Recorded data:
--- START ---

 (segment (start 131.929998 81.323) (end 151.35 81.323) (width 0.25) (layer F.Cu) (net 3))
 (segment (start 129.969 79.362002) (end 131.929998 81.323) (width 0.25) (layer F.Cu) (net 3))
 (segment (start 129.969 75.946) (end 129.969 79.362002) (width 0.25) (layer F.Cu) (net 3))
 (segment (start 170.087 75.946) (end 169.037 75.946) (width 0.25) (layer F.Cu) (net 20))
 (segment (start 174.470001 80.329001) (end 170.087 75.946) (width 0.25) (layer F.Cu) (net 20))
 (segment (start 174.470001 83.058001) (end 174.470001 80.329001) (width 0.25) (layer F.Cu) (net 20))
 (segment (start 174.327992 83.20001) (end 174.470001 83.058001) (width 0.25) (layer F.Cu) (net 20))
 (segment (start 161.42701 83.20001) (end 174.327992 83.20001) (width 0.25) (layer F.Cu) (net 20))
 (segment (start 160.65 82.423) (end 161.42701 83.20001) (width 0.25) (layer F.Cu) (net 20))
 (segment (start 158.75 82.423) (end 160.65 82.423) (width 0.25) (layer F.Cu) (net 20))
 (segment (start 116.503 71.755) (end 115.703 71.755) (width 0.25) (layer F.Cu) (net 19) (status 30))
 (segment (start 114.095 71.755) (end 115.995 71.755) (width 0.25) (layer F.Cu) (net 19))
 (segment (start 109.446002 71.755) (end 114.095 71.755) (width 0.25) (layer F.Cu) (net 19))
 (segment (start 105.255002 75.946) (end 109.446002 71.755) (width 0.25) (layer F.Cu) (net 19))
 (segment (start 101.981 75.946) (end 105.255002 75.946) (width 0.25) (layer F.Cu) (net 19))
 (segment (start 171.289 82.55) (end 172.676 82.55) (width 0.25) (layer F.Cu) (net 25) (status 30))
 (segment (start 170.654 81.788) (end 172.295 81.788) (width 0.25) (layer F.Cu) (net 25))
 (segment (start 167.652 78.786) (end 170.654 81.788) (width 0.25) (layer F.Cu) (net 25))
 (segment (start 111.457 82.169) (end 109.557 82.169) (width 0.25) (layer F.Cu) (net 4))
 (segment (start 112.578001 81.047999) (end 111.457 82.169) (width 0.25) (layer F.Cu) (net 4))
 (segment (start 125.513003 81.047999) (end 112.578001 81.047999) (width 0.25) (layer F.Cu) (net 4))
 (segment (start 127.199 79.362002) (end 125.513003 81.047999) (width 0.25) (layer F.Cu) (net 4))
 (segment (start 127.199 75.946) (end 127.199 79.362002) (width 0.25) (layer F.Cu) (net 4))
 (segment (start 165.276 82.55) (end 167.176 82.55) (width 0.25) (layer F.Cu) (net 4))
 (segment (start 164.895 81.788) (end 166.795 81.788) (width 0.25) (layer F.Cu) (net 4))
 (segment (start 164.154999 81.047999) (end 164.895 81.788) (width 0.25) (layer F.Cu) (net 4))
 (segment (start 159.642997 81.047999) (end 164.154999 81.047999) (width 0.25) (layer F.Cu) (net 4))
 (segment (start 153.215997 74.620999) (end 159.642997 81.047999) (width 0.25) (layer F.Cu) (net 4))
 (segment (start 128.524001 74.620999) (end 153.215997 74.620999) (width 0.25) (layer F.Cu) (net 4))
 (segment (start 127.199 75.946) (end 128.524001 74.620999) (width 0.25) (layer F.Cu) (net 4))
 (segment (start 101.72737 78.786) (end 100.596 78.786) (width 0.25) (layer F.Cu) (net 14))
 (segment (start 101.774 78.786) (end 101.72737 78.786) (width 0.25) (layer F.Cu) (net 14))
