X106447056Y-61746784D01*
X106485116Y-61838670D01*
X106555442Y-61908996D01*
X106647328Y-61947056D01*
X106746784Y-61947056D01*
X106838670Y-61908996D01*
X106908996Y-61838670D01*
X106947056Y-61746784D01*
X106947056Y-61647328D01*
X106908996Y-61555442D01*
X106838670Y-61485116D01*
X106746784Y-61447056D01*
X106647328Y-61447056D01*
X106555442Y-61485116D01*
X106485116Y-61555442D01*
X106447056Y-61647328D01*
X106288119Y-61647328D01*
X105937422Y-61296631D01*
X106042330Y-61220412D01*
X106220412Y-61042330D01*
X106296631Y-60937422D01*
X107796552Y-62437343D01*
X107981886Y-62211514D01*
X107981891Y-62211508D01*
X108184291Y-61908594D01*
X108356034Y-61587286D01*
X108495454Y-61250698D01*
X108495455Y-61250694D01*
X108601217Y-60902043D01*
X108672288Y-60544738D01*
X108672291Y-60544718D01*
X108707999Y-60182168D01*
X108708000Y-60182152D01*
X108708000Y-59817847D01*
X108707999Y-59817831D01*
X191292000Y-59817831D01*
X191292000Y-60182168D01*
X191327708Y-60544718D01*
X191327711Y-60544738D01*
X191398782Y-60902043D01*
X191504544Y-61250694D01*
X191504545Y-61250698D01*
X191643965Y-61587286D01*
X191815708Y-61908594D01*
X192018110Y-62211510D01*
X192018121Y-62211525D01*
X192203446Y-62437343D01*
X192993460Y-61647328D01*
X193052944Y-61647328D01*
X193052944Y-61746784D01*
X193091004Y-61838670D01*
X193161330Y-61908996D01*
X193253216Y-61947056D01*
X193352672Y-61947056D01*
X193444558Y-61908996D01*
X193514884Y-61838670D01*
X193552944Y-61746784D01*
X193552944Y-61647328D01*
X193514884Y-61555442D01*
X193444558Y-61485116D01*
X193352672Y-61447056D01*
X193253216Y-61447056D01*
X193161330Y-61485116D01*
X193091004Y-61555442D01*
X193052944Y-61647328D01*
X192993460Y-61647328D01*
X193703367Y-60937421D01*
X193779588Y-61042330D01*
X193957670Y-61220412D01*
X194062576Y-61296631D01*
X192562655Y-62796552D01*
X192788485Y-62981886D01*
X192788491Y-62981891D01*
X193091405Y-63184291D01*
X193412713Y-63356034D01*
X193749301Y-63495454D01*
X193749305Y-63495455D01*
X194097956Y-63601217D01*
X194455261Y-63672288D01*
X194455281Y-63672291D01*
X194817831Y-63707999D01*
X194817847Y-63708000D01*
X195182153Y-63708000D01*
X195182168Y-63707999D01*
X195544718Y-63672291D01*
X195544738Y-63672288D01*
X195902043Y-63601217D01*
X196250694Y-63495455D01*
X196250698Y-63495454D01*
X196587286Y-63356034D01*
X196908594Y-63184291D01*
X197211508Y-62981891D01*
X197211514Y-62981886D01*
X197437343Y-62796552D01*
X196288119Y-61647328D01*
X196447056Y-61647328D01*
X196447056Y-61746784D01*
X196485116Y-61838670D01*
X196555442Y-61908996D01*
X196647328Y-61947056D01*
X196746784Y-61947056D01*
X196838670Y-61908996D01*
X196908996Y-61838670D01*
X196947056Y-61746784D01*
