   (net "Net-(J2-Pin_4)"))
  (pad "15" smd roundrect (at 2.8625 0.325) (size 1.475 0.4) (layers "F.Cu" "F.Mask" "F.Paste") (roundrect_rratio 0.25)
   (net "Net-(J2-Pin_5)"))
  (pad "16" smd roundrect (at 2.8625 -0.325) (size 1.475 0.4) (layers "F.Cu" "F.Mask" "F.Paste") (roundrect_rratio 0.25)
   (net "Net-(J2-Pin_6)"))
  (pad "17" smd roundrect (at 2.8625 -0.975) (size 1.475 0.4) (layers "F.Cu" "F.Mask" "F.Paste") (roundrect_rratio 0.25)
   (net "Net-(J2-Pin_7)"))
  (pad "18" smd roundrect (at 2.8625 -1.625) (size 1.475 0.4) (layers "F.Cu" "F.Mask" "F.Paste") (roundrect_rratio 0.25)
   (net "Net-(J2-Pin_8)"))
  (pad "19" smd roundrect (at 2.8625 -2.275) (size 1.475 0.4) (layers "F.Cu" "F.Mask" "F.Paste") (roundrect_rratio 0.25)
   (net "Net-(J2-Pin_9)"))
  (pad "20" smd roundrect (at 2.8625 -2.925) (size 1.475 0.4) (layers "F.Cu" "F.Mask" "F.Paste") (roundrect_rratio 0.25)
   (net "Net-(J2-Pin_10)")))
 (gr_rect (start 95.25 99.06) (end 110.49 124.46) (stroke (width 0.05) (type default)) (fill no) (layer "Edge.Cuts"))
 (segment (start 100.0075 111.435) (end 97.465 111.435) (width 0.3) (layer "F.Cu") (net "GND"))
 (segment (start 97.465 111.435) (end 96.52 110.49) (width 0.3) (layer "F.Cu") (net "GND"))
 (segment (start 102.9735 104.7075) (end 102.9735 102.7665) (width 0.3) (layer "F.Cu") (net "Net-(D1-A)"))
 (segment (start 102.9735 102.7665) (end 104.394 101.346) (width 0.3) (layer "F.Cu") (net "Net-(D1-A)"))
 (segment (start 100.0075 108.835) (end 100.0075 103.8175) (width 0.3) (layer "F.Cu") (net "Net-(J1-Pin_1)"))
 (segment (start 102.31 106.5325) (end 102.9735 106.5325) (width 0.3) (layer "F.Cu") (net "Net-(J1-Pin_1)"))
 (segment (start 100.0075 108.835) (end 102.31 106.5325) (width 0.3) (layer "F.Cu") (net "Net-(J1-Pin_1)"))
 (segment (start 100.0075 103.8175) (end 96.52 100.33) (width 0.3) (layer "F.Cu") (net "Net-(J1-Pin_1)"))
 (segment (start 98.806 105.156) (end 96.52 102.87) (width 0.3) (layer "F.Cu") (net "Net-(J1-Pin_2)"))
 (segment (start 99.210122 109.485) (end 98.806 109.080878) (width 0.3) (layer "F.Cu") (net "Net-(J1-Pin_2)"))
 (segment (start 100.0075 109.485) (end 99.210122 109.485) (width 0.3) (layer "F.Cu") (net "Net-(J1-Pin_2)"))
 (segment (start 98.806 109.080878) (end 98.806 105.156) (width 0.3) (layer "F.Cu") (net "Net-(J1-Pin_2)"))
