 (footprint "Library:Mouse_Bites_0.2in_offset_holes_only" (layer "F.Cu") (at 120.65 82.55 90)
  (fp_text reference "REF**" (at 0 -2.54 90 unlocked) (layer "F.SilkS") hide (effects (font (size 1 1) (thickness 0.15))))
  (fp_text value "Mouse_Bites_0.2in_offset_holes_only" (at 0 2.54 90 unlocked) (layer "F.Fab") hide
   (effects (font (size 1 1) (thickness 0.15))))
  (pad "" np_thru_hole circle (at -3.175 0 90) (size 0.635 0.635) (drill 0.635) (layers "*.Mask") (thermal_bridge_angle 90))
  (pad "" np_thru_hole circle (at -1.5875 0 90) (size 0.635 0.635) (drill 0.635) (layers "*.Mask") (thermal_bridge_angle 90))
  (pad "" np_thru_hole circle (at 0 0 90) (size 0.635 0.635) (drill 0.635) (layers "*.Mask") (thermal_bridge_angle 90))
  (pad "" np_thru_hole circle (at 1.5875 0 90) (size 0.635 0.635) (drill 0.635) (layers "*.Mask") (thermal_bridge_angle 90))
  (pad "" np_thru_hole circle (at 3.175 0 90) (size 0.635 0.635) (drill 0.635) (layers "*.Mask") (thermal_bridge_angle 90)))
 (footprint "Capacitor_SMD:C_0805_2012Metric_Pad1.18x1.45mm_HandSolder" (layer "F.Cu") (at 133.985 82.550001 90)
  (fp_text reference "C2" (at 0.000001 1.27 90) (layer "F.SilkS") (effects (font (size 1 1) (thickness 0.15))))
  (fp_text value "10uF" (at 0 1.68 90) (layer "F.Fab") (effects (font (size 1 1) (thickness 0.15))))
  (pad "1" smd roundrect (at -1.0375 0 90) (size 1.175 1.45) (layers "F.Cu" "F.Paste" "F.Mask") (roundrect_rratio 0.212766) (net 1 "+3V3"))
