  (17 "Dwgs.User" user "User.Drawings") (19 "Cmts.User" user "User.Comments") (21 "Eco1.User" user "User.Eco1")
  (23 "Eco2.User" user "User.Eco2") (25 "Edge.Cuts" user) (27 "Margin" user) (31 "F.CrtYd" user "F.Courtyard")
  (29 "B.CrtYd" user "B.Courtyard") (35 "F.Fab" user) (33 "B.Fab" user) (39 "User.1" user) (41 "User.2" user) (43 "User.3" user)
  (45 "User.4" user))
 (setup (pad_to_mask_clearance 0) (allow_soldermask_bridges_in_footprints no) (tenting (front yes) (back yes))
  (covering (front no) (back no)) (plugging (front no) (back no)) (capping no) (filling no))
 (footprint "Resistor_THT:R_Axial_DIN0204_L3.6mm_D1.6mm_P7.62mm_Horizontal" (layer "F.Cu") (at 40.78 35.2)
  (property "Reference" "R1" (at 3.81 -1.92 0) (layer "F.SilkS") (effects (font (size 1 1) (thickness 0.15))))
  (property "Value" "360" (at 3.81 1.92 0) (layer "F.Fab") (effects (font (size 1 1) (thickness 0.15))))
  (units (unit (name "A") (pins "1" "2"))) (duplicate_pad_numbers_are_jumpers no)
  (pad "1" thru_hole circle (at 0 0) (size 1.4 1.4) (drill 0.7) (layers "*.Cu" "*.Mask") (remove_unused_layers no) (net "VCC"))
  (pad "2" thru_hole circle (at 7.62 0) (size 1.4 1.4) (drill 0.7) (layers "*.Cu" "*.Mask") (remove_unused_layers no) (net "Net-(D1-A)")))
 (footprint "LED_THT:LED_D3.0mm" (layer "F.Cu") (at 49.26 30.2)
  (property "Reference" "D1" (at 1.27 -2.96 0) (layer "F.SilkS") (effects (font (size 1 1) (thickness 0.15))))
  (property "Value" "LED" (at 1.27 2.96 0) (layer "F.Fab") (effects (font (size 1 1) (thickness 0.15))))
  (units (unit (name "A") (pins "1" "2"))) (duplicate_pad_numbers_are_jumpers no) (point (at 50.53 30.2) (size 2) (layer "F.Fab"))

--- END ---

● **Required work**
When you reach the line containing "X194097956Y-63601217D01*" in the data above, start copying exactly, and stop after the line containing "(segment (start 102.9735 102.7665)".

● **Answer to this task**
X194097956Y-63601217D01*
X194455261Y-63672288D01*
X194455281Y-63672291D01*
X194817831Y-63707999D01*
X194817847Y-63708000D01*
X195182153Y-63708000D01*
X195182168Y-63707999D01*
X195544718Y-63672291D01*
X195544738Y-63672288D01*
X195902043Y-63601217D01*
X196250694Y-63495455D01*
X196250698Y-63495454D01*
X196587286Y-63356034D01*
X196908594Y-63184291D01*
X197211508Y-62981891D01*
X197211514Y-62981886D01*
X197437343Y-62796552D01*
X196288119Y-61647328D01*
X196447056Y-61647328D01*
X196447056Y-61746784D01*
X196485116Y-61838670D01*
X196555442Y-61908996D01*
X196647328Y-61947056D01*
X196746784Y-61947056D01*
X196838670Y-61908996D01*
X196908996Y-61838670D01*
X196947056Y-61746784D01*
   (net "Net-(J2-Pin_4)"))
  (pad "15" smd roundrect (at 2.8625 0.325) (size 1.475 0.4) (layers "F.Cu" "F.Mask" "F.Paste") (roundrect_rratio 0.25)
   (net "Net-(J2-Pin_5)"))
  (pad "16" smd roundrect (at 2.8625 -0.325) (size 1.475 0.4) (layers "F.Cu" "F.Mask" "F.Paste") (roundrect_rratio 0.25)
   (net "Net-(J2-Pin_6)"))
  (pad "17" smd roundrect (at 2.8625 -0.975) (size 1.475 0.4) (layers "F.Cu" "F.Mask" "F.Paste") (roundrect_rratio 0.25)
   (net "Net-(J2-Pin_7)"))
  (pad "18" smd roundrect (at 2.8625 -1.625) (size 1.475 0.4) (layers "F.Cu" "F.Mask" "F.Paste") (roundrect_rratio 0.25)
   (net "Net-(J2-Pin_8)"))
  (pad "19" smd roundrect (at 2.8625 -2.275) (size 1.475 0.4) (layers "F.Cu" "F.Mask" "F.Paste") (roundrect_rratio 0.25)
   (net "Net-(J2-Pin_9)"))
  (pad "20" smd roundrect (at 2.8625 -2.925) (size 1.475 0.4) (layers "F.Cu" "F.Mask" "F.Paste") (roundrect_rratio 0.25)
   (net "Net-(J2-Pin_10)")))
 (gr_rect (start 95.25 99.06) (end 110.49 124.46) (stroke (width 0.05) (type default)) (fill no) (layer "Edge.Cuts"))
 (segment (start 100.0075 111.435) (end 97.465 111.435) (width 0.3) (layer "F.Cu") (net "GND"))
 (segment (start 97.465 111.435) (end 96.52 110.49) (width 0.3) (layer "F.Cu") (net "GND"))
 (segment (start 102.9735 104.7075) (end 102.9735 102.7665) (width 0.3) (layer "F.Cu") (net "Net-(D1-A)"))
 (segment (start 102.9735 102.7665) (end 104.394 101.346) (width 0.3) (layer "F.Cu") (net "Net-(D1-A)"))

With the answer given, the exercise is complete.